Roytman essentially dismisses all of this in his blog post while saying that I am correct, that “IDS alerts generate a ton of false positives, vulnerability scanners often don’t revisit signatures, CVE is not a complete list of vulnerability definitions. But those are just the trees, and we’ll get to them later.” Unfortunately, he doesn’t get to it later in a way that provides meaningful insight into the questions about the data and conclusions. Dan Guido wrote an excellent summary of why the DBIR vulnerability section has issues, and factors in Roytman’s latest blog, breaking it all down in a manner that highlights the flaws. Even with the revised list, it is still missing the US-CERT top 30 previously cited, the Microsoft data, and the recently disclosed ‘top PoC exploits distributed on social media‘. At some point, one would logically conclude these lists should have more overlap. One thing I would love to see from Verizon and Kenna is a detailed explanation of their methodology as it relates to detecting client-side exploits, that appear to be the defacto standard for infecting tens, maybe hundreds of thousands of hosts, every year to create botnets.

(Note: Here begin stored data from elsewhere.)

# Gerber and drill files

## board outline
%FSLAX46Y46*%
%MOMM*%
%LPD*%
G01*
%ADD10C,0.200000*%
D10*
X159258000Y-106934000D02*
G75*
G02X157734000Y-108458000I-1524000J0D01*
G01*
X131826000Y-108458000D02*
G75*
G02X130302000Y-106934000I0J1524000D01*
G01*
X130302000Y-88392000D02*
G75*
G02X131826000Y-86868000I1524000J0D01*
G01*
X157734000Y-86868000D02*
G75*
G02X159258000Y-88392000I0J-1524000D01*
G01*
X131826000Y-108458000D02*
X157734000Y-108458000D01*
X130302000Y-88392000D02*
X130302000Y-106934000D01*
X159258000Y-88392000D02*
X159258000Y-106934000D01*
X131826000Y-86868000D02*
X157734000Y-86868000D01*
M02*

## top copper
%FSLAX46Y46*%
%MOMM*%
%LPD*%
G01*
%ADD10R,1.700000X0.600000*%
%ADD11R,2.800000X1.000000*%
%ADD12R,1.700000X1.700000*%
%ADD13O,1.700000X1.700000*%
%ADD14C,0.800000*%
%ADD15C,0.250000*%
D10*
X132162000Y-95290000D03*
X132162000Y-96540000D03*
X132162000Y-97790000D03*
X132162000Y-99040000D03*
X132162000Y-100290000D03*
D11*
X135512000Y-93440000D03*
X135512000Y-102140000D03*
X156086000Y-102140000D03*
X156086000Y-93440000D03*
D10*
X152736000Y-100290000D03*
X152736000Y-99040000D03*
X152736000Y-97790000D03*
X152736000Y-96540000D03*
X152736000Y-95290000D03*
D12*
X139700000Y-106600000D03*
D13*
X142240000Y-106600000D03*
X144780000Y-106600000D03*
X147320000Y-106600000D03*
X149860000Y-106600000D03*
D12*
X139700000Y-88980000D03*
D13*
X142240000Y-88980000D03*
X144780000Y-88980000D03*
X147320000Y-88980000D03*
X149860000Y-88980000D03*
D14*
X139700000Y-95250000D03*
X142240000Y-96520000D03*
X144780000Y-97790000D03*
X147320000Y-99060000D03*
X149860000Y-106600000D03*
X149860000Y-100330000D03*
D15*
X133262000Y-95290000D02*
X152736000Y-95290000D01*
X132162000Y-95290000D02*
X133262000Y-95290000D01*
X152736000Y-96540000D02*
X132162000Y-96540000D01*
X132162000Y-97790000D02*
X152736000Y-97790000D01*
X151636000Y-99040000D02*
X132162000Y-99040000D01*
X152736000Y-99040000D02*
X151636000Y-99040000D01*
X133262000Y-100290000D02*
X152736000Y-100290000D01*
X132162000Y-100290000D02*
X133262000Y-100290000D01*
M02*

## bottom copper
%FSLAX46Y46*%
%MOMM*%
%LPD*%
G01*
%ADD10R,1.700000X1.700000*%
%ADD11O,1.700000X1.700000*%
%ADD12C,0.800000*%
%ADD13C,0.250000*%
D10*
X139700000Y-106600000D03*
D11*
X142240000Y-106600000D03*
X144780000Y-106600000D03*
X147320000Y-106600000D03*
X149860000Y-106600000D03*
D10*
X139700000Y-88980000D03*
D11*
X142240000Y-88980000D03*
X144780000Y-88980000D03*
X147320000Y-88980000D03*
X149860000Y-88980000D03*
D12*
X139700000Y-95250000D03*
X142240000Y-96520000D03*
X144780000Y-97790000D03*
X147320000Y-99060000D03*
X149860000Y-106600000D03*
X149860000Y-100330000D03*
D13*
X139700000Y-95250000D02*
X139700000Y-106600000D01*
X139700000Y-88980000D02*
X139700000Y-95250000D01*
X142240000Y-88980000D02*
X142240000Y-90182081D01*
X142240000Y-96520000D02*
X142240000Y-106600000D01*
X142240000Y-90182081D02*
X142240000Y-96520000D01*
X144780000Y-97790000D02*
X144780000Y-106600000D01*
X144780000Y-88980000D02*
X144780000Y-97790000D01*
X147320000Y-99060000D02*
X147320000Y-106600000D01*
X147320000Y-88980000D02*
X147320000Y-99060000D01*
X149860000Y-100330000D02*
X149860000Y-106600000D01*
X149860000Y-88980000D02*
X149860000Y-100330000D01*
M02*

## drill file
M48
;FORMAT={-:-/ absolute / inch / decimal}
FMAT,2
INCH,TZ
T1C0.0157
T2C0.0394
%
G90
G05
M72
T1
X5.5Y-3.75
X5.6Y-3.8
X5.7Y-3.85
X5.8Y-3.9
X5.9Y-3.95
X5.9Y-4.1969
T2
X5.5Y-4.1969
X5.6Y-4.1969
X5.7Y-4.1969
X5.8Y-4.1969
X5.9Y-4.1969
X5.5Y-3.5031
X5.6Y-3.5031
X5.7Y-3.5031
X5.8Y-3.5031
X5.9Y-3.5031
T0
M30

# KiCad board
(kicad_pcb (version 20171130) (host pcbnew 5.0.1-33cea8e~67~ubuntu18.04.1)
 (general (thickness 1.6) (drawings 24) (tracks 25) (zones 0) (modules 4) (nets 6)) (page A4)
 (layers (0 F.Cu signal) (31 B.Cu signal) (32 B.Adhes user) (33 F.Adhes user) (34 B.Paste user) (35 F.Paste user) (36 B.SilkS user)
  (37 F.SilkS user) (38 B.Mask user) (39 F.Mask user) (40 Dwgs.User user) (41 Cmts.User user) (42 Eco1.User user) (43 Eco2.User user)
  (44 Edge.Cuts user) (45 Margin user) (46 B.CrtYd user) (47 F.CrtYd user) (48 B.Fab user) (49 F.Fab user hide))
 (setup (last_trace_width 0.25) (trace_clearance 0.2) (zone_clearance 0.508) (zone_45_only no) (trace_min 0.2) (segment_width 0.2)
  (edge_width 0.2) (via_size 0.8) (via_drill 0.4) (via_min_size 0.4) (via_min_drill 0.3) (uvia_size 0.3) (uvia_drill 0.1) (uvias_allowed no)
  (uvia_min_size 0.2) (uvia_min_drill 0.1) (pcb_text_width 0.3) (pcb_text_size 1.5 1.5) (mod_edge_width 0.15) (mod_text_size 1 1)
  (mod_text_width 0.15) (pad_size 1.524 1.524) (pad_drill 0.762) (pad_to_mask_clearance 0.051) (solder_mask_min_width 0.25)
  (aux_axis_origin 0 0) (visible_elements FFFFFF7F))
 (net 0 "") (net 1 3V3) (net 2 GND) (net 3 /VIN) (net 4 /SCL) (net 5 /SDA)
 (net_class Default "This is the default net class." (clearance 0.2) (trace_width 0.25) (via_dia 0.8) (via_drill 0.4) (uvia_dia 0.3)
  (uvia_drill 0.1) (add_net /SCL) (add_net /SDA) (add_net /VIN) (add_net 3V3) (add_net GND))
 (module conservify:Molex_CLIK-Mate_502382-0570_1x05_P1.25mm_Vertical (layer F.Cu) (at 134.112 97.79 270)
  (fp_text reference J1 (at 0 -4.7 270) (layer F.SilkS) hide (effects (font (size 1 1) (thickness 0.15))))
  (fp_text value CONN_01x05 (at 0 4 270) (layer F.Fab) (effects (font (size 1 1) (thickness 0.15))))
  (pad 1 smd rect (at -2.5 1.95 270) (size 0.6 1.7) (layers F.Cu F.Paste F.Mask) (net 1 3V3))
  (pad 2 smd rect (at -1.25 1.95 270) (size 0.6 1.7) (layers F.Cu F.Paste F.Mask) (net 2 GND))
  (pad 3 smd rect (at 0 1.95 270) (size 0.6 1.7) (layers F.Cu F.Paste F.Mask) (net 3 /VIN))
  (pad 4 smd rect (at 1.25 1.95 270) (size 0.6 1.7) (layers F.Cu F.Paste F.Mask) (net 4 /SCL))
  (pad 5 smd rect (at 2.5 1.95 270) (size 0.6 1.7) (layers F.Cu F.Paste F.Mask) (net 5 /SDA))
  (pad "" smd rect (at -4.35 -1.4 270) (size 1 2.8) (layers F.Cu F.Paste F.Mask))
  (pad "" smd rect (at 4.35 -1.4 270) (size 1 2.8) (layers F.Cu F.Paste F.Mask)))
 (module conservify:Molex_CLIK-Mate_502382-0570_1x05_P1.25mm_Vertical (layer F.Cu) (at 154.686 97.79 270)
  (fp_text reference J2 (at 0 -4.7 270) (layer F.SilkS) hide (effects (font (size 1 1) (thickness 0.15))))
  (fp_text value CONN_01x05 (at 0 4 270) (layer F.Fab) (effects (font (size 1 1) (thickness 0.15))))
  (pad "" smd rect (at 4.35 -1.4 270) (size 1 2.8) (layers F.Cu F.Paste F.Mask))
  (pad "" smd rect (at -4.35 -1.4 270) (size 1 2.8) (layers F.Cu F.Paste F.Mask))
  (pad 5 smd rect (at 2.5 1.95 270) (size 0.6 1.7) (layers F.Cu F.Paste F.Mask) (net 5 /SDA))
  (pad 4 smd rect (at 1.25 1.95 270) (size 0.6 1.7) (layers F.Cu F.Paste F.Mask) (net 4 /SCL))
  (pad 3 smd rect (at 0 1.95 270) (size 0.6 1.7) (layers F.Cu F.Paste F.Mask) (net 3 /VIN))
  (pad 2 smd rect (at -1.25 1.95 270) (size 0.6 1.7) (layers F.Cu F.Paste F.Mask) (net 2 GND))
  (pad 1 smd rect (at -2.5 1.95 270) (size 0.6 1.7) (layers F.Cu F.Paste F.Mask) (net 1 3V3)))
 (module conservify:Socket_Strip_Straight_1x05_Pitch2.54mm (layer F.Cu) (at 139.7 106.6 90)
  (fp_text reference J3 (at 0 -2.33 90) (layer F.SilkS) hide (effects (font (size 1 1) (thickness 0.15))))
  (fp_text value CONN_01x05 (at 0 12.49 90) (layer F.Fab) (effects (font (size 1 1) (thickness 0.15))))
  (pad 1 thru_hole rect (at 0 0 90) (size 1.7 1.7) (drill 1) (layers *.Cu *.Mask) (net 1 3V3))
  (pad 2 thru_hole oval (at 0 2.54 90) (size 1.7 1.7) (drill 1) (layers *.Cu *.Mask) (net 2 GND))
  (pad 3 thru_hole oval (at 0 5.08 90) (size 1.7 1.7) (drill 1) (layers *.Cu *.Mask) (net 3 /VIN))
  (pad 4 thru_hole oval (at 0 7.62 90) (size 1.7 1.7) (drill 1) (layers *.Cu *.Mask) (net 4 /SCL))
  (pad 5 thru_hole oval (at 0 10.16 90) (size 1.7 1.7) (drill 1) (layers *.Cu *.Mask) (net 5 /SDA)))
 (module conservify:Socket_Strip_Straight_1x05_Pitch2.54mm (layer F.Cu) (at 139.7 88.98 90)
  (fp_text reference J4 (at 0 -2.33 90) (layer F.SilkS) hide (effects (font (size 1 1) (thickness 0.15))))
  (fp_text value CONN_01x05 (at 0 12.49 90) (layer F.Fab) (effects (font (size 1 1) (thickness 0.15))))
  (pad 1 thru_hole rect (at 0 0 90) (size 1.7 1.7) (drill 1) (layers *.Cu *.Mask) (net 1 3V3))
  (pad 2 thru_hole oval (at 0 2.54 90) (size 1.7 1.7) (drill 1) (layers *.Cu *.Mask) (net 2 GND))
  (pad 3 thru_hole oval (at 0 5.08 90) (size 1.7 1.7) (drill 1) (layers *.Cu *.Mask) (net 3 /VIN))
  (pad 4 thru_hole oval (at 0 7.62 90) (size 1.7 1.7) (drill 1) (layers *.Cu *.Mask) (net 4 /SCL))
  (pad 5 thru_hole oval (at 0 10.16 90) (size 1.7 1.7) (drill 1) (layers *.Cu *.Mask) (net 5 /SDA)))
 (gr_arc (start 157.734 106.934) (end 157.734 108.458) (angle -90) (layer Edge.Cuts) (width 0.2))
 (gr_arc (start 131.826 106.934) (end 130.302 106.934) (angle -90) (layer Edge.Cuts) (width 0.2))
 (gr_arc (start 131.826 88.392) (end 131.826 86.868) (angle -90) (layer Edge.Cuts) (width 0.2))
 (gr_arc (start 157.734 88.392) (end 159.258 88.392) (angle -90) (layer Edge.Cuts) (width 0.2))
 (gr_line (start 131.826 108.458) (end 157.734 108.458) (layer Edge.Cuts) (width 0.2))
 (gr_line (start 130.302 88.392) (end 130.302 106.934) (layer Edge.Cuts) (width 0.2))
 (gr_line (start 159.258 88.392) (end 159.258 106.934) (layer Edge.Cuts) (width 0.2))
 (gr_line (start 131.826 86.868) (end 157.734 86.868) (layer Edge.Cuts) (width 0.2))
 (segment (start 133.262 95.29) (end 152.736 95.29) (width 0.25) (layer F.Cu) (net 1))
 (segment (start 132.162 95.29) (end 133.262 95.29) (width 0.25) (layer F.Cu) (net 1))
 (via (at 139.7 95.25) (size 0.8) (drill 0.4) (layers F.Cu B.Cu) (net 1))
 (segment (start 139.7 95.25) (end 139.7 106.6) (width 0.25) (layer B.Cu) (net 1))
 (segment (start 139.7 88.98) (end 139.7 95.25) (width 0.25) (layer B.Cu) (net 1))
 (segment (start 152.736 96.54) (end 132.162 96.54) (width 0.25) (layer F.Cu) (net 2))
 (segment (start 142.24 88.98) (end 142.24 90.182081) (width 0.25) (layer B.Cu) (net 2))
 (via (at 142.24 96.52) (size 0.8) (drill 0.4) (layers F.Cu B.Cu) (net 2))
 (segment (start 142.24 96.52) (end 142.24 106.6) (width 0.25) (layer B.Cu) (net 2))
 (segment (start 142.24 90.182081) (end 142.24 96.52) (width 0.25) (layer B.Cu) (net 2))
 (segment (start 132.162 97.79) (end 152.736 97.79) (width 0.25) (layer F.Cu) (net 3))
 (via (at 144.78 97.79) (size 0.8) (drill 0.4) (layers F.Cu B.Cu) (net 3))
 (segment (start 144.78 97.79) (end 144.78 106.6) (width 0.25) (layer B.Cu) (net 3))
 (segment (start 144.78 88.98) (end 144.78 97.79) (width 0.25) (layer B.Cu) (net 3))
 (segment (start 151.636 99.04) (end 132.162 99.04) (width 0.25) (layer F.Cu) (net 4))
 (segment (start 152.736 99.04) (end 151.636 99.04) (width 0.25) (layer F.Cu) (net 4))
 (segment (start 147.32 99.06) (end 147.32 106.6) (width 0.25) (layer B.Cu) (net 4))
 (via (at 147.32 99.06) (size 0.8) (drill 0.4) (layers F.Cu B.Cu) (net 4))
 (segment (start 147.32 88.98) (end 147.32 99.06) (width 0.25) (layer B.Cu) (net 4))
 (segment (start 133.262 100.29) (end 152.736 100.29) (width 0.25) (layer F.Cu) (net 5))
 (segment (start 132.162 100.29) (end 133.262 100.29) (width 0.25) (layer F.Cu) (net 5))
 (via (at 149.86 106.6) (size 0.8) (drill 0.4) (layers F.Cu B.Cu) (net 5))
 (via (at 149.86 100.33) (size 0.8) (drill 0.4) (layers F.Cu B.Cu) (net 5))
 (segment (start 149.86 100.33) (end 149.86 106.6) (width 0.25) (layer B.Cu) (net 5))
 (segment (start 149.86 88.98) (end 149.86 100.33) (width 0.25) (layer B.Cu) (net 5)))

I want to look at this from one more perspective, because I think it beautifully highlights how vulnerability analysis is a moving target, but in this case for all the wrong reasons. While most vulnerability aggregators and analysts are constantly adapting to new variations of vulnerabilities, new sources of vulnerability information, and new players in the game with wildly different styles of disclosure, others that come along after the data is generated and do analysis frequently seem to lose perspective in my experience. I believe this is such a case and is best illustrated in what the DBIR top 10 looks like over three revisions in less than two weeks. Yes, I know Roytman’s list isn’t officially the DBIR list, but he generated the initial data and then opted to do a different form of analysis putting it forth as something that is more representative due to applying his analysis to a more limited dataset that he presumably trusts more (i.e. the Kenna aggregate dataset). One has to wonder if this was brought up to Verizon as a better way to approach the list, and if so, why was it rejected.
The following lists show the evolution of the CVEs that appear on the top 10, with strikeout denoting the typos between the original DBIR and Gabe’s clarification which is reflected in current downloads, underlining to show any denial of service attacks, and bold to show the new CVE IDs that appear with Roytman’s reworking.
DBIR - DBIR Revised - Roytman Blog 2015-1637 – 2015-1637 - 2015-1637 2015-0204 – 2015-0204 - 2015-0204 2012-1054 – 2002-1054 - 2014-0160 2011-0877 – 2001-0877 - 2012-0152 2003-0818 – 2003-0818 - 2013-0229 2002-0126 – 2002-0126 - 2002-0012 2002-0953 – 2002-0953 - 2002-0013 2001-0876 – 2001-0876 - 2001-0876 2001-0680 – 2001-0680 - 2001-0877 1999-1058 – 1999-1058 - 2001-0540
In my mail to Roytman asking for a sample data set, I suggested that it would be interesting to see him generate a list using his methodology, but remove any DoS attack (six of his ten), so the top list only included exploits that could achieve remote privileges of some sort. He replied to me with:
… and again, awesome idea. One of those all-too-simple in retrospect, damnit why didn’t I think of it earlier things.
I found this interesting thinking back to his use of the forest and the trees metaphor.